In the store today and was checking them out. 11' with large eyes, cork double handles, light weight, and just seemed to be an overall great balanced rod for surf fishing! Has anyone tried them? As soon as I have the money I am gonna get one, looks like it would match up with a 7500 perfect! A fisherman could really put a "zip code" on some bait with it for sure!
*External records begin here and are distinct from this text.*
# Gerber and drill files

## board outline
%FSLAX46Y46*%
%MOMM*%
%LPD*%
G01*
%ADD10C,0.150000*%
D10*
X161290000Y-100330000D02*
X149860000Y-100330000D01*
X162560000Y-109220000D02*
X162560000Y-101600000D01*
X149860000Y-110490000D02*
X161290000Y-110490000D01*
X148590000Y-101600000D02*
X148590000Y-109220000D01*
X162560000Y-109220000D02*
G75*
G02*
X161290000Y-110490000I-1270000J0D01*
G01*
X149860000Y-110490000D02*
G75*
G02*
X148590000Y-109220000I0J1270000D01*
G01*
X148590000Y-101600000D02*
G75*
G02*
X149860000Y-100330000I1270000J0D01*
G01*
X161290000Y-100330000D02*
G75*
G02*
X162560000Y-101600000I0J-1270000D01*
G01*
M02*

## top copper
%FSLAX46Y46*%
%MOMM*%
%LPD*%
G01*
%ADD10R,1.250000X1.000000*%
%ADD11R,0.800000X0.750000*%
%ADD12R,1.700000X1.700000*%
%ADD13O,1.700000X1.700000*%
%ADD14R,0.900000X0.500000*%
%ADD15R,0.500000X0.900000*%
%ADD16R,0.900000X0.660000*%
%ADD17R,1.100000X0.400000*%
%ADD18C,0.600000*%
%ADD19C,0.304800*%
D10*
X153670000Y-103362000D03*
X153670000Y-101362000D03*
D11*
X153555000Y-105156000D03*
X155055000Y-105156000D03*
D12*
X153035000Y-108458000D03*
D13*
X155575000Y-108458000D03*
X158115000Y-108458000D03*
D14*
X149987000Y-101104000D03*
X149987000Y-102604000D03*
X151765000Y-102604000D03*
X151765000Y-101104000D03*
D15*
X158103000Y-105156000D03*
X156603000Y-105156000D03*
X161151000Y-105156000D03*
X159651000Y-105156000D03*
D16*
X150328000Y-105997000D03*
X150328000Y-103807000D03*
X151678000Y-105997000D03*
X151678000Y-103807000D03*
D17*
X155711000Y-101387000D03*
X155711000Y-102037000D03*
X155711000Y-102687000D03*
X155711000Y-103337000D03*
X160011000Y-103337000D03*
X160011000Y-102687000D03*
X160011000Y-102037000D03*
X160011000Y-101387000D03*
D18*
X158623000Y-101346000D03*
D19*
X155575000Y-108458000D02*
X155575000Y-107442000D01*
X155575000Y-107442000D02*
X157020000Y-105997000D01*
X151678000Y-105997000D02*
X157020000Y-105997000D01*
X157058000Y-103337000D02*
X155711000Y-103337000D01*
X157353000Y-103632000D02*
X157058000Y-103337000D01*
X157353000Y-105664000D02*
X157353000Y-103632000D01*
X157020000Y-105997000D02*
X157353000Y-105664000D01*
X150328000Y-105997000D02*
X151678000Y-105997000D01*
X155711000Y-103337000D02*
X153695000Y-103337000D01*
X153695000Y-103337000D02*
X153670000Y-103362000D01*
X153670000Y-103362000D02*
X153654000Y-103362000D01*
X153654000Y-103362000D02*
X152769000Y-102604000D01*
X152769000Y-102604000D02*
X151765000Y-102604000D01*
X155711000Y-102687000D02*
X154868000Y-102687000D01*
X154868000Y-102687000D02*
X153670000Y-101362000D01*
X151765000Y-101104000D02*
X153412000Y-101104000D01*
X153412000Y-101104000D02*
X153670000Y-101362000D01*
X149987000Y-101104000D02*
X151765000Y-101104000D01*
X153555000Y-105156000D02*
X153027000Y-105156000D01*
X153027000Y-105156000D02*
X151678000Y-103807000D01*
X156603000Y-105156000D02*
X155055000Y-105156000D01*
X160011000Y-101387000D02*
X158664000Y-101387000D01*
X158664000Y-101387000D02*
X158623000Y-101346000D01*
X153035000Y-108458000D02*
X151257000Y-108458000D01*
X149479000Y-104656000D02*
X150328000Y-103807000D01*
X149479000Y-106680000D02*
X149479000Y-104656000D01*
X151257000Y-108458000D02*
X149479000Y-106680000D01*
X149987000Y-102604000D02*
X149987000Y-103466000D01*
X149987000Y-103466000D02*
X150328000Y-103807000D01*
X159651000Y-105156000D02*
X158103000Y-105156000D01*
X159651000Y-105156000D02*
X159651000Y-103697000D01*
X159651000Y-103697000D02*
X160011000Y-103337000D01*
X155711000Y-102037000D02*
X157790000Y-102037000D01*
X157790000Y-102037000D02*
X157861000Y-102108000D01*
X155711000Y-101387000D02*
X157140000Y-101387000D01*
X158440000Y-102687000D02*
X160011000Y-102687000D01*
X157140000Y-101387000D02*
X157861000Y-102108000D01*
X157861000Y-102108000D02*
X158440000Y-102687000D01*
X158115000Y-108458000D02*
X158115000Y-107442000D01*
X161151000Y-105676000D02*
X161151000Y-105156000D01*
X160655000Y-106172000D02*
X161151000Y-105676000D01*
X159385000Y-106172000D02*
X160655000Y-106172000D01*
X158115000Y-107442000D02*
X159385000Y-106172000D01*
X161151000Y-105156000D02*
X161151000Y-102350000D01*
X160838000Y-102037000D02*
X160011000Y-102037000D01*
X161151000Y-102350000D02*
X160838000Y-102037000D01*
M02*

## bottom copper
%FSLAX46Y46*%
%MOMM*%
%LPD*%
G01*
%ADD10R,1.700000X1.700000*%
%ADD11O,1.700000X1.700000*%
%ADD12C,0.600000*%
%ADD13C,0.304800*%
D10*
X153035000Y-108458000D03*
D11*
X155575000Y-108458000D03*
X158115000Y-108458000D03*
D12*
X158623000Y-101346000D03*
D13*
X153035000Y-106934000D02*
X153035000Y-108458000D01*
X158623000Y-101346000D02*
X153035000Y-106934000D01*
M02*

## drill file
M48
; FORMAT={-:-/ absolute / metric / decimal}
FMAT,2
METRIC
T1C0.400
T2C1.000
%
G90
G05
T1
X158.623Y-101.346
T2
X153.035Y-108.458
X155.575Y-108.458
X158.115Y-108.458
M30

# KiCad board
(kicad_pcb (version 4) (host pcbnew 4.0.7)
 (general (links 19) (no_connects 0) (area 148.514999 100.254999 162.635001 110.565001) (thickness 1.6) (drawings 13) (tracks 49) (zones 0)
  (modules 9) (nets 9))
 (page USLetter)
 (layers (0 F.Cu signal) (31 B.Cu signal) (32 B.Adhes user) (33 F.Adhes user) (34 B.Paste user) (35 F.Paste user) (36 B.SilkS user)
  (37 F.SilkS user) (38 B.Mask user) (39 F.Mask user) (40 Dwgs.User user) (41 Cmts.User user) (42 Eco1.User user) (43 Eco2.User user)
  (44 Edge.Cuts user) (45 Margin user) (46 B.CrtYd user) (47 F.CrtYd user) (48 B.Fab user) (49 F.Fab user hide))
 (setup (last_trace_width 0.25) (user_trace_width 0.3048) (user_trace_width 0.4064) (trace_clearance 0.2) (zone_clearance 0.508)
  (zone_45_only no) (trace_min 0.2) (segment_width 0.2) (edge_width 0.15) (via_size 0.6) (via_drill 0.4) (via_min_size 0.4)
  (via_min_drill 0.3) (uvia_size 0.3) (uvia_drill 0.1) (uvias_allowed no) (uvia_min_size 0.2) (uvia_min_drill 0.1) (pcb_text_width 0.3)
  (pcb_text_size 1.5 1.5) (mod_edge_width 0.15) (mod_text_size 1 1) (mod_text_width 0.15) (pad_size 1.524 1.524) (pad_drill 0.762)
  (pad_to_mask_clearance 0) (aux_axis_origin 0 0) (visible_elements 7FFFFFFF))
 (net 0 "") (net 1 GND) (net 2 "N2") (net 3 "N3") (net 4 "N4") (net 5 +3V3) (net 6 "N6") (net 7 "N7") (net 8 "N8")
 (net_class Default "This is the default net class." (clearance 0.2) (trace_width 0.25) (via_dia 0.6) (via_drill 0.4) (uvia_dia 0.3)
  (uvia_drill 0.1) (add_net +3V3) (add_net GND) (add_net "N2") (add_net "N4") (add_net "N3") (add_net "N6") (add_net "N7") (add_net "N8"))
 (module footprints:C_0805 (layer F.Cu) (at 153.67 102.362 90)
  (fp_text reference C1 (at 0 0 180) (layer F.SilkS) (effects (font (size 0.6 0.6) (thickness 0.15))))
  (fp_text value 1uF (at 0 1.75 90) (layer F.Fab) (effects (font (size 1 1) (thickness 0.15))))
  (pad 1 smd rect (at -1 0 90) (size 1 1.25) (layers F.Cu F.Paste F.Mask) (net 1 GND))
  (pad 2 smd rect (at 1 0 90) (size 1 1.25) (layers F.Cu F.Paste F.Mask) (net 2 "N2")))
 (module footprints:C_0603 (layer F.Cu) (at 154.305 105.156 180)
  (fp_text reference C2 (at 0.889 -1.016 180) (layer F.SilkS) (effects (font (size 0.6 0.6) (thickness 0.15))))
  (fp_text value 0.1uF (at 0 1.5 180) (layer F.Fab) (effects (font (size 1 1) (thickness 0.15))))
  (pad 2 smd rect (at 0.75 0 180) (size 0.8 0.75) (layers F.Cu F.Paste F.Mask) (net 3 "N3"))
  (pad 1 smd rect (at -0.75 0 180) (size 0.8 0.75) (layers F.Cu F.Paste F.Mask) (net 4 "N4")))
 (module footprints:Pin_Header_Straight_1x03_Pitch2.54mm (layer F.Cu) (at 153.035 108.458 90)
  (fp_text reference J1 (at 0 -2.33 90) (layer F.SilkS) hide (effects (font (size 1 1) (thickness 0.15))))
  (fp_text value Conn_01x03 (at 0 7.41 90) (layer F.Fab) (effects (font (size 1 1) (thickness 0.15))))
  (pad 1 thru_hole rect (at 0 0 90) (size 1.7 1.7) (drill 1) (layers *.Cu *.Mask) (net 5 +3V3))
  (pad 2 thru_hole oval (at 0 2.54 90) (size 1.7 1.7) (drill 1) (layers *.Cu *.Mask) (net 1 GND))
  (pad 3 thru_hole oval (at 0 5.08 90) (size 1.7 1.7) (drill 1) (layers *.Cu *.Mask) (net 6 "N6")))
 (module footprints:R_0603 (layer F.Cu) (at 149.987 101.854 270)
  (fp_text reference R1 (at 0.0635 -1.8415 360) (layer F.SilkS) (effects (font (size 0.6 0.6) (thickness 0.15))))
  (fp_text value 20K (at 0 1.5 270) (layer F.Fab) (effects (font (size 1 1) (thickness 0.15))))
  (pad 1 smd rect (at -0.75 0 270) (size 0.5 0.9) (layers F.Cu F.Paste F.Mask) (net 2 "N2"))
  (pad 2 smd rect (at 0.75 0 270) (size 0.5 0.9) (layers F.Cu F.Paste F.Mask) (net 5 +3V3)))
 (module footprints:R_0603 (layer F.Cu) (at 151.765 101.854 90)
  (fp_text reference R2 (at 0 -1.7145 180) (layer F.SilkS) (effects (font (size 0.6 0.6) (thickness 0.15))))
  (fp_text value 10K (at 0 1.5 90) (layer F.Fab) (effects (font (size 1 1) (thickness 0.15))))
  (pad 1 smd rect (at -0.75 0 90) (size 0.5 0.9) (layers F.Cu F.Paste F.Mask) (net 1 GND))
  (pad 2 smd rect (at 0.75 0 90) (size 0.5 0.9) (layers F.Cu F.Paste F.Mask) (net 2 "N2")))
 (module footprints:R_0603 (layer F.Cu) (at 157.353 105.156 180)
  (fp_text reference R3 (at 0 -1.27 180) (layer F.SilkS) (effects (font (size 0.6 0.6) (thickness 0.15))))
I'd change all 5 of my 13'fters out for 5 of those things.

Tight Lines!

Chris


----------



## cline4 (Apr 21, 2009)

I have one, they are excellent rods....


----------



## nb&twil (Oct 2, 2007)

they're great rods, i had 2 and loved them. my dad liked them too, so much that he took both did very well this spring pompano fishing with them. just about anything with the sea striker or billfisher name is going to be one of the bangs for your buck as a general rule.


----------



## jbs192 (Oct 2, 2007)

How much were they?


----------



## Shiznik (Feb 24, 2008)

Hope I'm not wrong about the price but I think they were around $69 for a 11', may have been a little more butI believe that was right. Talking about seeming strong, lightweight and the guides were nice too! I'd put it up against the Penn Carbon 10'fter I have but just like it. Has the cork handles vs. padded. Overall a great rod! If I can make it happen, I'm gonna make sure the one I get will be in my Pomp pics this next spring!


----------